Did you know that 90% of disputes are settled out of court? Participatory justice offers the following dispute resolution processes:


Mediation is a dispute resolution process that involves exploring solutions rather than trying to determine who is right and who is wrong.

The first condition for mediation to be carried out is for all the parties to accept and opt for the mediation process. This means that they agree to have another person—a neutral and impartial third party called a "mediator"—help them find a solution to their dispute. Contrary to a settlement conference, mediation may take place even if legal action has not been initiated.

Collaborative law

Collaborative law is still little known and little used and is often confused with mediation and negotiation; nevertheless, it is a very distinct dispute resolution process that has proven its worth in the U.S.

In collaborative law, the people involved in a dispute and their lawyers must agree, in advance and in a contract, that they will find a satisfactory solution without having recourse to the courts, failing which the lawyers will withdraw from the case. The parties must also reveal all necessary information for resolving the dispute and must sign a confidentiality clause in order to avoid having what is said in negotiations from being subsequently used. In the collaborative law process, the negotiation sessions may be held between the people involved, in the presence of their lawyer or solely between lawyers.


Negotiations are part of everyone's everyday life. You regularly negotiate with your spouse, your employer, your children or when you do business and, in most cases, you reach an agreement. It is on this basis that the justice system also uses negotiation techniques.

Negotiations are the foundation of all dispute resolution processes. They consist of trying to reach an agreement with the other party by discussing and agreeing to make certain compromises.

All throughout the legal process, you may negotiate with the opposing party. You may even initiate negotiations before taking legal action.

In a number of cases, negotiations may lead to an out-of-court settlement. If that is the case, make sure all the details and all the conditions of the agreement are included in a written document signed by all the parties.

Conciliation and settlement conference

Conciliation is very similar to mediation; however, the conciliator plays a more passive role and generally doesn't propose any solutions, as the mediator does.

Within legal proceedings, the judge sometimes plays the role of conciliator during a special hearing called a "settlement conference".

A settlement conference may be held at any stage of the legal process if these two conditions are met:

  • legal action must have been taken
  • both parties must give their consent to proceed


Arbitration is a decisive process whose outcome will be final and binding (that is, without appeal).
Arbitration is somewhat like a private trial. The arbitrator(s) take on the role of judge.

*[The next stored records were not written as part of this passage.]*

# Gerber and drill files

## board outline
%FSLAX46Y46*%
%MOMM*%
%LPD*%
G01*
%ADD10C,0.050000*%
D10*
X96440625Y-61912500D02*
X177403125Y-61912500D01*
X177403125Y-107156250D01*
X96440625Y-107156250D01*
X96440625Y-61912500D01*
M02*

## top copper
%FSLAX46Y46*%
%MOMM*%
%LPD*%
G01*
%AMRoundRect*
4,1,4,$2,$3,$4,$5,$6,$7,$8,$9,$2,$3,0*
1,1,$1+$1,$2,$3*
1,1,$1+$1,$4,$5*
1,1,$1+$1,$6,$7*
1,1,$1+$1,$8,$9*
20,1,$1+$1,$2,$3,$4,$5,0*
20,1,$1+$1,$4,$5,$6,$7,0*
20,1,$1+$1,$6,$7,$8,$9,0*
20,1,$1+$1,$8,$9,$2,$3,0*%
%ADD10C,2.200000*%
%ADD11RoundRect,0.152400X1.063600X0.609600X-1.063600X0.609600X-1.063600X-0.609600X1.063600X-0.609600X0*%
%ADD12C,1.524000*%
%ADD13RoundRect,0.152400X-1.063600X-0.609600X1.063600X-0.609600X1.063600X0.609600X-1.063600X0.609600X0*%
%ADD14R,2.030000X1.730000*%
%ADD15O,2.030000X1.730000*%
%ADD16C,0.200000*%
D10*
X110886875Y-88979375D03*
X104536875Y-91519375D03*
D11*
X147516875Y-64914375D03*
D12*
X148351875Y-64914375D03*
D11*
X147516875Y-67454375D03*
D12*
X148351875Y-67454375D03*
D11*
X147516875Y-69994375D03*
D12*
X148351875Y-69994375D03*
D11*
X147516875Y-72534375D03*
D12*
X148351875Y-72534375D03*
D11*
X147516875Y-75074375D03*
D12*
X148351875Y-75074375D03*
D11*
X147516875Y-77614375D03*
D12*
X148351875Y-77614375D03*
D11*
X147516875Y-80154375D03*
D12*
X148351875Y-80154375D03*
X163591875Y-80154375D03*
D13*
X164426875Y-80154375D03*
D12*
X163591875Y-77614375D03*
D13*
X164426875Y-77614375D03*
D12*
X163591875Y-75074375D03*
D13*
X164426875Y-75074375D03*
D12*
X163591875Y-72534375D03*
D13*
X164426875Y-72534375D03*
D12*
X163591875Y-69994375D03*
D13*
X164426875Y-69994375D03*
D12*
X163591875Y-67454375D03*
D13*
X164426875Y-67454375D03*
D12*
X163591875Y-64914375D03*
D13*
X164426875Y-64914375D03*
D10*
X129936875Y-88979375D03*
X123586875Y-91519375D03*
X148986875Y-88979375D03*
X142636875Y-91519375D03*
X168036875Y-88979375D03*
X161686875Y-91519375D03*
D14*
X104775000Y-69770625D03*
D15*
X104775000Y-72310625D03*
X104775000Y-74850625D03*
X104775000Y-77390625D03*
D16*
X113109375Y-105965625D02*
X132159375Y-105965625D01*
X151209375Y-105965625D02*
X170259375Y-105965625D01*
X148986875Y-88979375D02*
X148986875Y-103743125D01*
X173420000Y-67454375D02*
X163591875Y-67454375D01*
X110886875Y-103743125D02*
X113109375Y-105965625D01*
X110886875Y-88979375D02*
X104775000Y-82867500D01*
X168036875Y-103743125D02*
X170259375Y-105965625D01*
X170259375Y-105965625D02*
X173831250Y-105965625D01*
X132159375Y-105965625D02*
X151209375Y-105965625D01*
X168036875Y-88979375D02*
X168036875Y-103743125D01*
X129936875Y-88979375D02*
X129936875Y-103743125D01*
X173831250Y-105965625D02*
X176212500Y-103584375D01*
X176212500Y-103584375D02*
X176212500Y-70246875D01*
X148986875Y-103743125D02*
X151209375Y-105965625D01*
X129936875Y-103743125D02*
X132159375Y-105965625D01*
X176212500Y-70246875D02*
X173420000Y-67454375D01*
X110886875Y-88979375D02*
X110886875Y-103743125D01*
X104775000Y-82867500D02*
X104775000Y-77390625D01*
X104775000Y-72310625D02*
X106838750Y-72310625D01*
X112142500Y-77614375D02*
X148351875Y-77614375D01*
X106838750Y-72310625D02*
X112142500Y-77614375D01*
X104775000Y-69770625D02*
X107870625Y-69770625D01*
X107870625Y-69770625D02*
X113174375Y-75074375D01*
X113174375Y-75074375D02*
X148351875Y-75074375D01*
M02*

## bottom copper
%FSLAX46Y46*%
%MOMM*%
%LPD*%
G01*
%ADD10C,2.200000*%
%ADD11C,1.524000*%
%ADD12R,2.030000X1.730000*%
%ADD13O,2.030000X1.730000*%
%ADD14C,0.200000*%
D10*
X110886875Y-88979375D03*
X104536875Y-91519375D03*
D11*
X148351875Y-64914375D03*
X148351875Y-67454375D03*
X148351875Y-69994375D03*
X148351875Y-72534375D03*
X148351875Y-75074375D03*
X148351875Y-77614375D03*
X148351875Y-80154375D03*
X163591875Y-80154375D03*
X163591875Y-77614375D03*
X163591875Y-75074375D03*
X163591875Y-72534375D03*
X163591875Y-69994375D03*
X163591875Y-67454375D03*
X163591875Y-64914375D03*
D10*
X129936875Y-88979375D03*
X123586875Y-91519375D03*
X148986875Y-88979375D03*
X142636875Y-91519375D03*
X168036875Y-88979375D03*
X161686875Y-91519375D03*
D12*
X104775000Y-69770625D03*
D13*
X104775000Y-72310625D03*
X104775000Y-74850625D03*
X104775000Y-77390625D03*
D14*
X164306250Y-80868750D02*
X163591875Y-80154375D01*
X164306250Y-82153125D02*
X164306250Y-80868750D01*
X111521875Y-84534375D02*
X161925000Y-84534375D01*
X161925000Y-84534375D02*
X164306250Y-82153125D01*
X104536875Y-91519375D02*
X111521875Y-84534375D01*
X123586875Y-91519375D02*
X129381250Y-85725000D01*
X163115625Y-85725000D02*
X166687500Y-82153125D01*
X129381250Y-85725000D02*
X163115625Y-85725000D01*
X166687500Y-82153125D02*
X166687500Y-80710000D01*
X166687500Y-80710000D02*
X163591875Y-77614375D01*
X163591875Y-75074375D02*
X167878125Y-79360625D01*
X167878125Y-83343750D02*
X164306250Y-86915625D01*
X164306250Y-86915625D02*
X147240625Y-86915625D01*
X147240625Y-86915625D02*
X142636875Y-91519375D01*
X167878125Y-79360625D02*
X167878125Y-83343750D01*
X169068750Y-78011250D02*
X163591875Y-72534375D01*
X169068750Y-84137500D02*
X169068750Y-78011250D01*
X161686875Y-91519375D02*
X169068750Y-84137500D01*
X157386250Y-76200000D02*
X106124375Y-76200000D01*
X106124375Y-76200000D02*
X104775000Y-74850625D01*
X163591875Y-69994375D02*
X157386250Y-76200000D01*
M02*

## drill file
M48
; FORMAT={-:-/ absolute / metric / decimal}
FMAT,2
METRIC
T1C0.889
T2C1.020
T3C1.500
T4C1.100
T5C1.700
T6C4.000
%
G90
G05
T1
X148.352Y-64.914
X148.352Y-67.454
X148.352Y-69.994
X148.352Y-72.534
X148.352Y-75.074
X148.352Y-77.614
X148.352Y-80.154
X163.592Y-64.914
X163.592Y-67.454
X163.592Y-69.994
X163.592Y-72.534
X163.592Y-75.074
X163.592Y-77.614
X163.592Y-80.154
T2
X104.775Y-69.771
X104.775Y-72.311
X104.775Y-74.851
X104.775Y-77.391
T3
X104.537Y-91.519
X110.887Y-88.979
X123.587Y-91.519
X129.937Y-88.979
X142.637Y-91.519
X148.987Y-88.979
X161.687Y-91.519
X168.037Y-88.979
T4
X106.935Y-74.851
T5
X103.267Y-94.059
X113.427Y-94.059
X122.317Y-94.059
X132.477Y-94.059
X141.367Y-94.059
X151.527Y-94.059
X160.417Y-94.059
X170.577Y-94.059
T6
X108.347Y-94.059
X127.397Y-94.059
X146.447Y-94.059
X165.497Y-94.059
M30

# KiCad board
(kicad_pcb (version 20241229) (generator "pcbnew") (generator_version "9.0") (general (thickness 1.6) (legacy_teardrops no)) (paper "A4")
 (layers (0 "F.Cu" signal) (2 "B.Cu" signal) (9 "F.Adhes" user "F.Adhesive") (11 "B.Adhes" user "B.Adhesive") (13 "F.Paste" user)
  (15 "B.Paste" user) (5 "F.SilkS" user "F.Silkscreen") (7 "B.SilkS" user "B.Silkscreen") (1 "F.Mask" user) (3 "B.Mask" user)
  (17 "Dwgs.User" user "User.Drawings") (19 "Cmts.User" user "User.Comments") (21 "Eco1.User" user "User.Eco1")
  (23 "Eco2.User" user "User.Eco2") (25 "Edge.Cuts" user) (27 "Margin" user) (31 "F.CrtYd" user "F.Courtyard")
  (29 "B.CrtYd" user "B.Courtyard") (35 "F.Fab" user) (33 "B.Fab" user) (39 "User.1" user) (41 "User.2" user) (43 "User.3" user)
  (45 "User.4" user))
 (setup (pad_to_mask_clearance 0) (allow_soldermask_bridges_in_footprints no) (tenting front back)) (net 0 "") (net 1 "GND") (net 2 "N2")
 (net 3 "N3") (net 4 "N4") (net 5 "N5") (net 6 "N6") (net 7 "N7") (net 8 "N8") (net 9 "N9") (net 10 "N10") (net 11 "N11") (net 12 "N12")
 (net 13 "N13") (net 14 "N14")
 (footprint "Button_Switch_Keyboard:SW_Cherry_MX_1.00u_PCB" (layer "F.Cu") (at 110.886875 88.979375)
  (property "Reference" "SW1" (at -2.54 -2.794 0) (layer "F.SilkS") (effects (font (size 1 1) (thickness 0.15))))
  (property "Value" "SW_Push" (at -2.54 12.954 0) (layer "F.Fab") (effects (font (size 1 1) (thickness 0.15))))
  (pad "" np_thru_hole circle (at -7.62 5.08) (size 1.7 1.7) (drill 1.7) (layers "*.Cu" "*.Mask"))
  (pad "" np_thru_hole circle (at -2.54 5.08) (size 4 4) (drill 4) (layers "*.Cu" "*.Mask"))
  (pad "" np_thru_hole circle (at 2.54 5.08) (size 1.7 1.7) (drill 1.7) (layers "*.Cu" "*.Mask"))
  (pad "1" thru_hole circle (at 0 0) (size 2.2 2.2) (drill 1.5) (layers "*.Cu" "*.Mask") (remove_unused_layers no) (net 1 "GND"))
  (pad "2" thru_hole circle (at -6.35 2.54) (size 2.2 2.2) (drill 1.5) (layers "*.Cu" "*.Mask") (remove_unused_layers no) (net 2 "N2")))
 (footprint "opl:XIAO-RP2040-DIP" (layer "F.Cu") (at 155.971875 72.534375)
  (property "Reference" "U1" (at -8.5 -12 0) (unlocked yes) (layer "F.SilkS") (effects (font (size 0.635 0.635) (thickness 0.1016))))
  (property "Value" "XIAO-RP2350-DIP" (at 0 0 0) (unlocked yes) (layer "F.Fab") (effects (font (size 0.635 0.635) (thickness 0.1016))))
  (pad "1" smd roundrect (at -8.455 -7.62 180) (size 2.432 1.524) (layers "F.Cu" "F.Mask") (roundrect_rratio 0.1) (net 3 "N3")
   (thermal_bridge_angle 45))
  (pad "1" thru_hole circle (at -7.62 -7.62 180) (size 1.524 1.524) (drill 0.889) (layers "*.Cu" "*.Mask") (remove_unused_layers no)
   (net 3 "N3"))
  (pad "2" smd roundrect (at -8.455 -5.08 180) (size 2.432 1.524) (layers "F.Cu" "F.Mask") (roundrect_rratio 0.1) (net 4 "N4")
   (thermal_bridge_angle 45))
  (pad "2" thru_hole circle (at -7.62 -5.08 180) (size 1.524 1.524) (drill 0.889) (layers "*.Cu" "*.Mask") (remove_unused_layers no)
   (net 4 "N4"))
  (pad "3" smd roundrect (at -8.455 -2.54 180) (size 2.432 1.524) (layers "F.Cu" "F.Mask") (roundrect_rratio 0.1) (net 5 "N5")
   (thermal_bridge_angle 45))
  (pad "3" thru_hole circle (at -7.62 -2.54 180) (size 1.524 1.524) (drill 0.889) (layers "*.Cu" "*.Mask") (remove_unused_layers no)
   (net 5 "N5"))
  (pad "4" smd roundrect (at -8.455 0 180) (size 2.432 1.524) (layers "F.Cu" "F.Mask") (roundrect_rratio 0.1) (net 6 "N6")
   (thermal_bridge_angle 45))
  (pad "4" thru_hole circle (at -7.62 0 180) (size 1.524 1.524) (drill 0.889) (layers "*.Cu" "*.Mask") (remove_unused_layers no)
   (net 6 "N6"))
  (pad "5" smd roundrect (at -8.455 2.54 180) (size 2.432 1.524) (layers "F.Cu" "F.Mask") (roundrect_rratio 0.1) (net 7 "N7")
   (thermal_bridge_angle 45))
  (pad "5" thru_hole circle (at -7.62 2.54 180) (size 1.524 1.524) (drill 0.889) (layers "*.Cu" "*.Mask") (remove_unused_layers no)
   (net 7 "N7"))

If I opt for one of these dispute resolution processes, do I lose my recourse before the courts?

Dispute resolution processes don't cause you to lose your recourse before the courts. At any time, you may go before the courts (except in an arbitration process or a med-arb process—a process combining mediation and arbitration—which are both final and without appeal).

Going to trial is the last resort. This means that the parties have not succeeded in reaching an agreement or quite simply don't want to try and reach an agreement, but rather want a judge to settle the dispute. A trial can be defined as the process that allows the parties faced with a problem situation to submit their arguments and proof to a judge, who will reach a decision. In this process, it is the judge who decides. There is a winner and a loser.